Benefits of Incident Management Process Template
Incident management process – ISO 20000 is a process that supports services and ensures any vulnerabilities found in them are handled swiftly. There are various ways in which the incident management process benefits organisations, such as:
#1 Quick Resolution
A well-maintained and proper incident management process resolves and eliminates incidents faster and regularly and prevents incidents from damaging data and reports.
#2 Constant and Independent Monitoring
Instead of relying on an expert to eliminate challenges, an incident management process enables the specialised team, other teams, and employees to solve incidents in their respective departments and areas. Additionally, the incident management process ensures the management procedures are up-to-date, reliable, and efficient.
#3 Room for Improvement
The incident management process allows companies to understand and document various software functions, such as the time to close an incident and use that report to improve their incident resolution time and strategies.
#4 Incident Resolution Proof
An incident management system automatically generates reports of the identified, categorised, and resolved incidents, which come in handy if organisations need to show the results to their investors and shareholders. An organised report adds to the enterprise’s reliability and ability to solve incidents and ensures user satisfaction.
#5 Customer Transparency
Users reporting their incidents can stay updated with the entire incident management process, from the first process until their incident gets resolved.
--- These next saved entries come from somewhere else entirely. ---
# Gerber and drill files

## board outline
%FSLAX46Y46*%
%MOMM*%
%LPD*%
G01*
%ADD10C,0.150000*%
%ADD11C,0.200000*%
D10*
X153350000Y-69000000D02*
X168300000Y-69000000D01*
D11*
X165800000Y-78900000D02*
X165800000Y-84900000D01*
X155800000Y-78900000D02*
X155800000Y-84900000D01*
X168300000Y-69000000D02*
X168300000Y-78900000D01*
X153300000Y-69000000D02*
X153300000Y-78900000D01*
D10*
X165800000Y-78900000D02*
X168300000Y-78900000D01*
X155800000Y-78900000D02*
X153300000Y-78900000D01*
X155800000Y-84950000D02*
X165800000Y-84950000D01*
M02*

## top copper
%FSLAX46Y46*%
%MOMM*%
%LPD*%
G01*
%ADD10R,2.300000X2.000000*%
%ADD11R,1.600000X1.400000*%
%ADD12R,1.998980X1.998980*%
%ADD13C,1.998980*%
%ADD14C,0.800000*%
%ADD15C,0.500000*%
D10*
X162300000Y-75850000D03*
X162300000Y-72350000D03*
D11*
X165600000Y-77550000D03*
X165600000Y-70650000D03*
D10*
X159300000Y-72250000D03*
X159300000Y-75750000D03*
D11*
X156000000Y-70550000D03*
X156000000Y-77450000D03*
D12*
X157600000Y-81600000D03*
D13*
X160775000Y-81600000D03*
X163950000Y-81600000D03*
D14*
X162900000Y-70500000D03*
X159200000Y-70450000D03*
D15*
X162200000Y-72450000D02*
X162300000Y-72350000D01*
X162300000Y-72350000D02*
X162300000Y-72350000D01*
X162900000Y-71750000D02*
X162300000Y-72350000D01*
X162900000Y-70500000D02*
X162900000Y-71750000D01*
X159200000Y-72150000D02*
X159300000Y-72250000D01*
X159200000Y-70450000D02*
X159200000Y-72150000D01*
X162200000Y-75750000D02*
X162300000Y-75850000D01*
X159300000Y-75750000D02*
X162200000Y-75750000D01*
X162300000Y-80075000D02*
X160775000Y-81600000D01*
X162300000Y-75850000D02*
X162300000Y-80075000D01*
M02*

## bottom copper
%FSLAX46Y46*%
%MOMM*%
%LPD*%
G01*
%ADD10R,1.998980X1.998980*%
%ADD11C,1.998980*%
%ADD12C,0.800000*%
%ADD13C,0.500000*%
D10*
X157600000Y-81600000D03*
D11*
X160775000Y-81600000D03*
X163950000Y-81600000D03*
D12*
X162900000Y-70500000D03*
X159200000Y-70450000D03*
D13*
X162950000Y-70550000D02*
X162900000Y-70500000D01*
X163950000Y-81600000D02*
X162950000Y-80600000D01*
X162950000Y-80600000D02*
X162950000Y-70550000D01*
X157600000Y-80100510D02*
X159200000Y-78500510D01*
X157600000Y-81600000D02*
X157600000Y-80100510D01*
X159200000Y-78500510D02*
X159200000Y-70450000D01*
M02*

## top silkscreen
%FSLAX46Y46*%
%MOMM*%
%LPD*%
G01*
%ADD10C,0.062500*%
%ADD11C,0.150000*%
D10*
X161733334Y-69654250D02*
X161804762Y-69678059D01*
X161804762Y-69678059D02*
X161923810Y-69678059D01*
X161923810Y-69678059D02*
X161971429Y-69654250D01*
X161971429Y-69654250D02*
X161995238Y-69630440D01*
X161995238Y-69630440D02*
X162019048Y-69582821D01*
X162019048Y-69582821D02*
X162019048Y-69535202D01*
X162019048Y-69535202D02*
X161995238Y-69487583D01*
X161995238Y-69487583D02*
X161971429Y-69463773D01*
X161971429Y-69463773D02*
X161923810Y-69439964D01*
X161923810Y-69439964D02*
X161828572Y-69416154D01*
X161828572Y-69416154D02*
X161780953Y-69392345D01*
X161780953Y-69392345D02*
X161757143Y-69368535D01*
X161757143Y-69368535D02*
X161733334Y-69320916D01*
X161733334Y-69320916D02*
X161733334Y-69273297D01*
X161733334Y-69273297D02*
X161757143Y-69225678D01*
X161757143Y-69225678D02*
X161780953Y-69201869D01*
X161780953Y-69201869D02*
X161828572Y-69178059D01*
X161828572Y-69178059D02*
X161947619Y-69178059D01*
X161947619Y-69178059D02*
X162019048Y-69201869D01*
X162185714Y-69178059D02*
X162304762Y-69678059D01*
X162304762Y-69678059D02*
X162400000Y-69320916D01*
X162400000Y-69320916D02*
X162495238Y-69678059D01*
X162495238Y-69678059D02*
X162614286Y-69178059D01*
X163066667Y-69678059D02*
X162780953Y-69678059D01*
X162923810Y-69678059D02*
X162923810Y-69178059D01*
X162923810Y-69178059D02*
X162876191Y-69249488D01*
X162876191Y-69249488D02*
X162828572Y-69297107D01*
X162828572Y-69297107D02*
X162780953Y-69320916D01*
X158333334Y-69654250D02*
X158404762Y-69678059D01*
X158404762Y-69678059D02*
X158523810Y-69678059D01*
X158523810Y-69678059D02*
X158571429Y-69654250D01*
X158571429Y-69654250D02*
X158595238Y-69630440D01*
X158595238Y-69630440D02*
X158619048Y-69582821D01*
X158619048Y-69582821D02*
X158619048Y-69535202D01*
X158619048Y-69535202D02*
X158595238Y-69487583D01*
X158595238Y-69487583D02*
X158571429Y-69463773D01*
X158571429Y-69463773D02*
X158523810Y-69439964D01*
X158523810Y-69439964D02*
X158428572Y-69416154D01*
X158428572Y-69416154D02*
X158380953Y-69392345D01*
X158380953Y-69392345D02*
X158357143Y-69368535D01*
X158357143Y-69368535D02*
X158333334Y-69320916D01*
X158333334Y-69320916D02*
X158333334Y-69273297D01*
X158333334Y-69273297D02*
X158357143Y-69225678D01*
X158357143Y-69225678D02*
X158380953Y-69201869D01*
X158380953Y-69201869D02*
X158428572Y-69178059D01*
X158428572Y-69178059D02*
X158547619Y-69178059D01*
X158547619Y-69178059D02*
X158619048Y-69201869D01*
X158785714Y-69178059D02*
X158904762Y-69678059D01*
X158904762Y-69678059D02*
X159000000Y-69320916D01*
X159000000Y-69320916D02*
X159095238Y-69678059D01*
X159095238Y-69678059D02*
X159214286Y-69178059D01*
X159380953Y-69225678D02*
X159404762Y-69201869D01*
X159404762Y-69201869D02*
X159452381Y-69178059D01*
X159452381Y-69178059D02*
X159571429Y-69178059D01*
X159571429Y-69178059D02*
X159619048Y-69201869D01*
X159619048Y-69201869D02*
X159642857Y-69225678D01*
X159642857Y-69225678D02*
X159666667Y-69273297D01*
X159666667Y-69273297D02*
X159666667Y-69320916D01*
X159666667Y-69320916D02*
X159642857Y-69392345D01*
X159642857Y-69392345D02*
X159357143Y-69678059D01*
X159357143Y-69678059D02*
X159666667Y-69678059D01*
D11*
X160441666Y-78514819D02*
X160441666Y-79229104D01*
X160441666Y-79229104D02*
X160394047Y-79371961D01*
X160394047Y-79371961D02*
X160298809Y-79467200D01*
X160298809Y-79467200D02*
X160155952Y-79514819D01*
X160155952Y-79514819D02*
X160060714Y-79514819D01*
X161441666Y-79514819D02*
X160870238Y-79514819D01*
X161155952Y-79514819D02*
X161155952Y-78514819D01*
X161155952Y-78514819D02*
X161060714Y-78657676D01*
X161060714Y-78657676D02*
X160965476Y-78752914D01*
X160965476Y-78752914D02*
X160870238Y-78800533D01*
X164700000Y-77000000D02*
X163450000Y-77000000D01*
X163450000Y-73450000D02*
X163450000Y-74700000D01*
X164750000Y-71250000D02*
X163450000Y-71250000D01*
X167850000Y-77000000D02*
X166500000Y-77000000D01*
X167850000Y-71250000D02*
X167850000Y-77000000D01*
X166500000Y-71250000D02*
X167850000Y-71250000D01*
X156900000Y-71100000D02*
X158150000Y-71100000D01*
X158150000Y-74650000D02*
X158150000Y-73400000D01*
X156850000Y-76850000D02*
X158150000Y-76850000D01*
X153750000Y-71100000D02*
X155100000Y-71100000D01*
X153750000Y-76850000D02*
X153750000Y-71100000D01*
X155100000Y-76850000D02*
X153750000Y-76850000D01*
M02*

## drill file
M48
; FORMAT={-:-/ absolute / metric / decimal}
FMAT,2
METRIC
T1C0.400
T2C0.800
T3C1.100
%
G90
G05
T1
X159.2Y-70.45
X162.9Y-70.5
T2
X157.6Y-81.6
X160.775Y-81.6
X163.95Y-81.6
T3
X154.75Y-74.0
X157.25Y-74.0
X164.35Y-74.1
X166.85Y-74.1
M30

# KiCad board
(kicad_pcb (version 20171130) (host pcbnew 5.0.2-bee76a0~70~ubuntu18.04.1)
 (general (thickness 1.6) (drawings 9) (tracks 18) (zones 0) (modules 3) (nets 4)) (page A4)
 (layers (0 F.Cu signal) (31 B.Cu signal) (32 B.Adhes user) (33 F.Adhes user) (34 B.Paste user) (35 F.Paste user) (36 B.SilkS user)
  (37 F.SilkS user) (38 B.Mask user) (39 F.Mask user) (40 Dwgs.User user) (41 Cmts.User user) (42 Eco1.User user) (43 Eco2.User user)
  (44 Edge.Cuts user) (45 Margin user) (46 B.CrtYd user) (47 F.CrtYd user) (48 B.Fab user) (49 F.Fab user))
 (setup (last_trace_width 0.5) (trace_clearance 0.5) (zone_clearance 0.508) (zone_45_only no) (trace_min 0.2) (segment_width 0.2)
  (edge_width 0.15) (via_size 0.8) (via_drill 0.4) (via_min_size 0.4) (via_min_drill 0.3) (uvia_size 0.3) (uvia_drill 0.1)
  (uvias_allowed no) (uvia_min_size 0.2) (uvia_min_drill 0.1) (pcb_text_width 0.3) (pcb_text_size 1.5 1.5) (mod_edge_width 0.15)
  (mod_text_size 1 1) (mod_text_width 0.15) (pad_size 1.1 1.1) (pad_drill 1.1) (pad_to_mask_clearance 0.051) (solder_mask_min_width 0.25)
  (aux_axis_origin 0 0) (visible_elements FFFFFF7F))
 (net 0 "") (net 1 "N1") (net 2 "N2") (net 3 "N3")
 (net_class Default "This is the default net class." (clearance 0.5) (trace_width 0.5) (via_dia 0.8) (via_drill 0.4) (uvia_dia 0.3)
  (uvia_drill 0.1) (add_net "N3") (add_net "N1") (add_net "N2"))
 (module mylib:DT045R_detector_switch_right (layer F.Cu) (at 165.6 74.1 270)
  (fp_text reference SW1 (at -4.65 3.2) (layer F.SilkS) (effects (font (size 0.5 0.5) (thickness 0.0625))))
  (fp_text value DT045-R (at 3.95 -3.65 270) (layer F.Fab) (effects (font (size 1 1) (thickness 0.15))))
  (fp_line (start 2.9 0.9) (end 2.9 2.15) (layer F.SilkS) (width 0.15))
  (fp_line (start -0.65 2.15) (end 0.6 2.15) (layer F.SilkS) (width 0.15))
  (fp_line (start -2.85 0.85) (end -2.85 2.15) (layer F.SilkS) (width 0.15))
  (fp_line (start 2.9 -2.25) (end 2.9 -0.9) (layer F.SilkS) (width 0.15))
  (fp_line (start -2.85 -2.25) (end 2.9 -2.25) (layer F.SilkS) (width 0.15))
  (fp_line (start -2.85 -0.9) (end -2.85 -2.25) (layer F.SilkS) (width 0.15))
  (pad 1 smd rect (at 1.75 3.3 270) (size 2 2.3) (layers F.Cu F.Paste F.Mask) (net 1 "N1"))
  (pad 2 smd rect (at -1.75 3.3 270) (size 2 2.3) (layers F.Cu F.Paste F.Mask) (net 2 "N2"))
  (pad "" np_thru_hole circle (at 0 1.25 270) (size 1.1 1.1) (drill 1.1) (layers *.Cu *.Mask))
  (pad "" np_thru_hole circle (at 0 -1.25 270) (size 1.1 1.1) (drill 1.1) (layers *.Cu *.Mask))
  (pad 3 smd rect (at 3.45 0 270) (size 1.4 1.6) (layers F.Cu F.Paste F.Mask))
  (pad 3 smd rect (at -3.45 0 270) (size 1.4 1.6) (layers F.Cu F.Paste F.Mask)))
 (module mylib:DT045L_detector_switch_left (layer F.Cu) (at 156 74 90)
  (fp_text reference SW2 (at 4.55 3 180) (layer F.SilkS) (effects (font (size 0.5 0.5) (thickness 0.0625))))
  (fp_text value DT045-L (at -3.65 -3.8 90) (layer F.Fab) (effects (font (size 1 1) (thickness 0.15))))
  (fp_line (start 2.9 0.9) (end 2.9 2.15) (layer F.SilkS) (width 0.15))
  (fp_line (start -0.65 2.15) (end 0.6 2.15) (layer F.SilkS) (width 0.15))
  (fp_line (start -2.85 0.85) (end -2.85 2.15) (layer F.SilkS) (width 0.15))
  (fp_line (start 2.9 -2.25) (end 2.9 -0.9) (layer F.SilkS) (width 0.15))
  (fp_line (start -2.85 -2.25) (end 2.9 -2.25) (layer F.SilkS) (width 0.15))
  (fp_line (start -2.85 -0.9) (end -2.85 -2.25) (layer F.SilkS) (width 0.15))
  (pad 1 smd rect (at 1.75 3.3 90) (size 2 2.3) (layers F.Cu F.Paste F.Mask) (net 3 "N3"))
  (pad 2 smd rect (at -1.75 3.3 90) (size 2 2.3) (layers F.Cu F.Paste F.Mask) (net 1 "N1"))
  (pad "" np_thru_hole circle (at 0 1.25 90) (size 1.1 1.1) (drill 1.1) (layers *.Cu *.Mask))
  (pad "" np_thru_hole circle (at 0 -1.25 90) (size 1.1 1.1) (drill 1.1) (layers *.Cu *.Mask))
  (pad 3 smd rect (at 3.45 0 90) (size 1.4 1.6) (layers F.Cu F.Paste F.Mask))
  (pad 3 smd rect (at -3.45 0 90) (size 1.4 1.6) (layers F.Cu F.Paste F.Mask)))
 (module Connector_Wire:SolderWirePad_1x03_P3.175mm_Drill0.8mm (layer F.Cu) (at 157.6 81.6)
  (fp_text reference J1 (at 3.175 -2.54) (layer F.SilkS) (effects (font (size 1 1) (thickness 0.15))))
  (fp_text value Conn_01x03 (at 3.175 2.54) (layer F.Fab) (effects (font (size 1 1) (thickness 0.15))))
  (pad 1 thru_hole rect (at 0 0) (size 1.99898 1.99898) (drill 0.8001) (layers *.Cu *.Mask) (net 3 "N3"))
  (pad 2 thru_hole circle (at 3.175 0) (size 1.99898 1.99898) (drill 0.8001) (layers *.Cu *.Mask) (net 1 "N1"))
  (pad 3 thru_hole circle (at 6.35 0) (size 1.99898 1.99898) (drill 0.8001) (layers *.Cu *.Mask) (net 2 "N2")))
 (gr_line (start 153.35 69) (end 168.3 69) (layer Edge.Cuts) (width 0.15))
 (gr_line (start 165.8 78.9) (end 165.8 84.9) (layer Edge.Cuts) (width 0.2))
 (gr_line (start 155.8 78.9) (end 155.8 84.9) (layer Edge.Cuts) (width 0.2))
 (gr_line (start 168.3 69) (end 168.3 78.9) (layer Edge.Cuts) (width 0.2))
 (gr_line (start 153.3 69) (end 153.3 78.9) (layer Edge.Cuts) (width 0.2))
 (gr_line (start 165.8 78.9) (end 168.3 78.9) (layer Edge.Cuts) (width 0.15))
 (gr_line (start 155.8 78.9) (end 153.3 78.9) (layer Edge.Cuts) (width 0.15))
 (gr_line (start 155.8 84.95) (end 165.8 84.95) (layer Edge.Cuts) (width 0.15))
 (segment (start 162.2 72.45) (end 162.3 72.35) (width 0.5) (layer F.Cu) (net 2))
 (segment (start 162.3 72.35) (end 162.3 72.35) (width 0.5) (layer F.Cu) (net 2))
 (via (at 162.9 70.5) (size 0.8) (drill 0.4) (layers F.Cu B.Cu) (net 2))
 (segment (start 162.95 70.55) (end 162.9 70.5) (width 0.5) (layer B.Cu) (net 2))
 (segment (start 163.95 81.6) (end 162.95 80.6) (width 0.5) (layer B.Cu) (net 2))
 (segment (start 162.95 80.6) (end 162.95 70.55) (width 0.5) (layer B.Cu) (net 2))
 (segment (start 162.9 71.75) (end 162.3 72.35) (width 0.5) (layer F.Cu) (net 2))
 (segment (start 162.9 70.5) (end 162.9 71.75) (width 0.5) (layer F.Cu) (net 2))
 (segment (start 157.6 80.10051) (end 159.2 78.50051) (width 0.5) (layer B.Cu) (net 3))
 (segment (start 157.6 81.6) (end 157.6 80.10051) (width 0.5) (layer B.Cu) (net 3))
 (via (at 159.2 70.45) (size 0.8) (drill 0.4) (layers F.Cu B.Cu) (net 3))
 (segment (start 159.2 78.50051) (end 159.2 70.45) (width 0.5) (layer B.Cu) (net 3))
 (segment (start 159.2 72.15) (end 159.3 72.25) (width 0.5) (layer F.Cu) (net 3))
 (segment (start 159.2 70.45) (end 159.2 72.15) (width 0.5) (layer F.Cu) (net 3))
 (segment (start 162.2 75.75) (end 162.3 75.85) (width 0.5) (layer F.Cu) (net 1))
 (segment (start 159.3 75.75) (end 162.2 75.75) (width 0.5) (layer F.Cu) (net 1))
 (segment (start 162.3 80.075) (end 160.775 81.6) (width 0.5) (layer F.Cu) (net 1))
 (segment (start 162.3 75.85) (end 162.3 80.075) (width 0.5) (layer F.Cu) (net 1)))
The incident management software creates trust and transparency between customers and the IT department. Since the status and handler of the incident are visible, it prevents the chances of two experts handling the same incident, increasing productivity.
Final Thoughts
Incident management process – ISO 20000 is essential for all enterprises. Start-ups or established organisations, every company needs software that solves its customer’s problems swiftly and effectively to ensure customer satisfaction. The incident management process allows an organisation to identify incidents using the reported data, such as images, and devise strategies to deal with them and resolve a user’s ticket.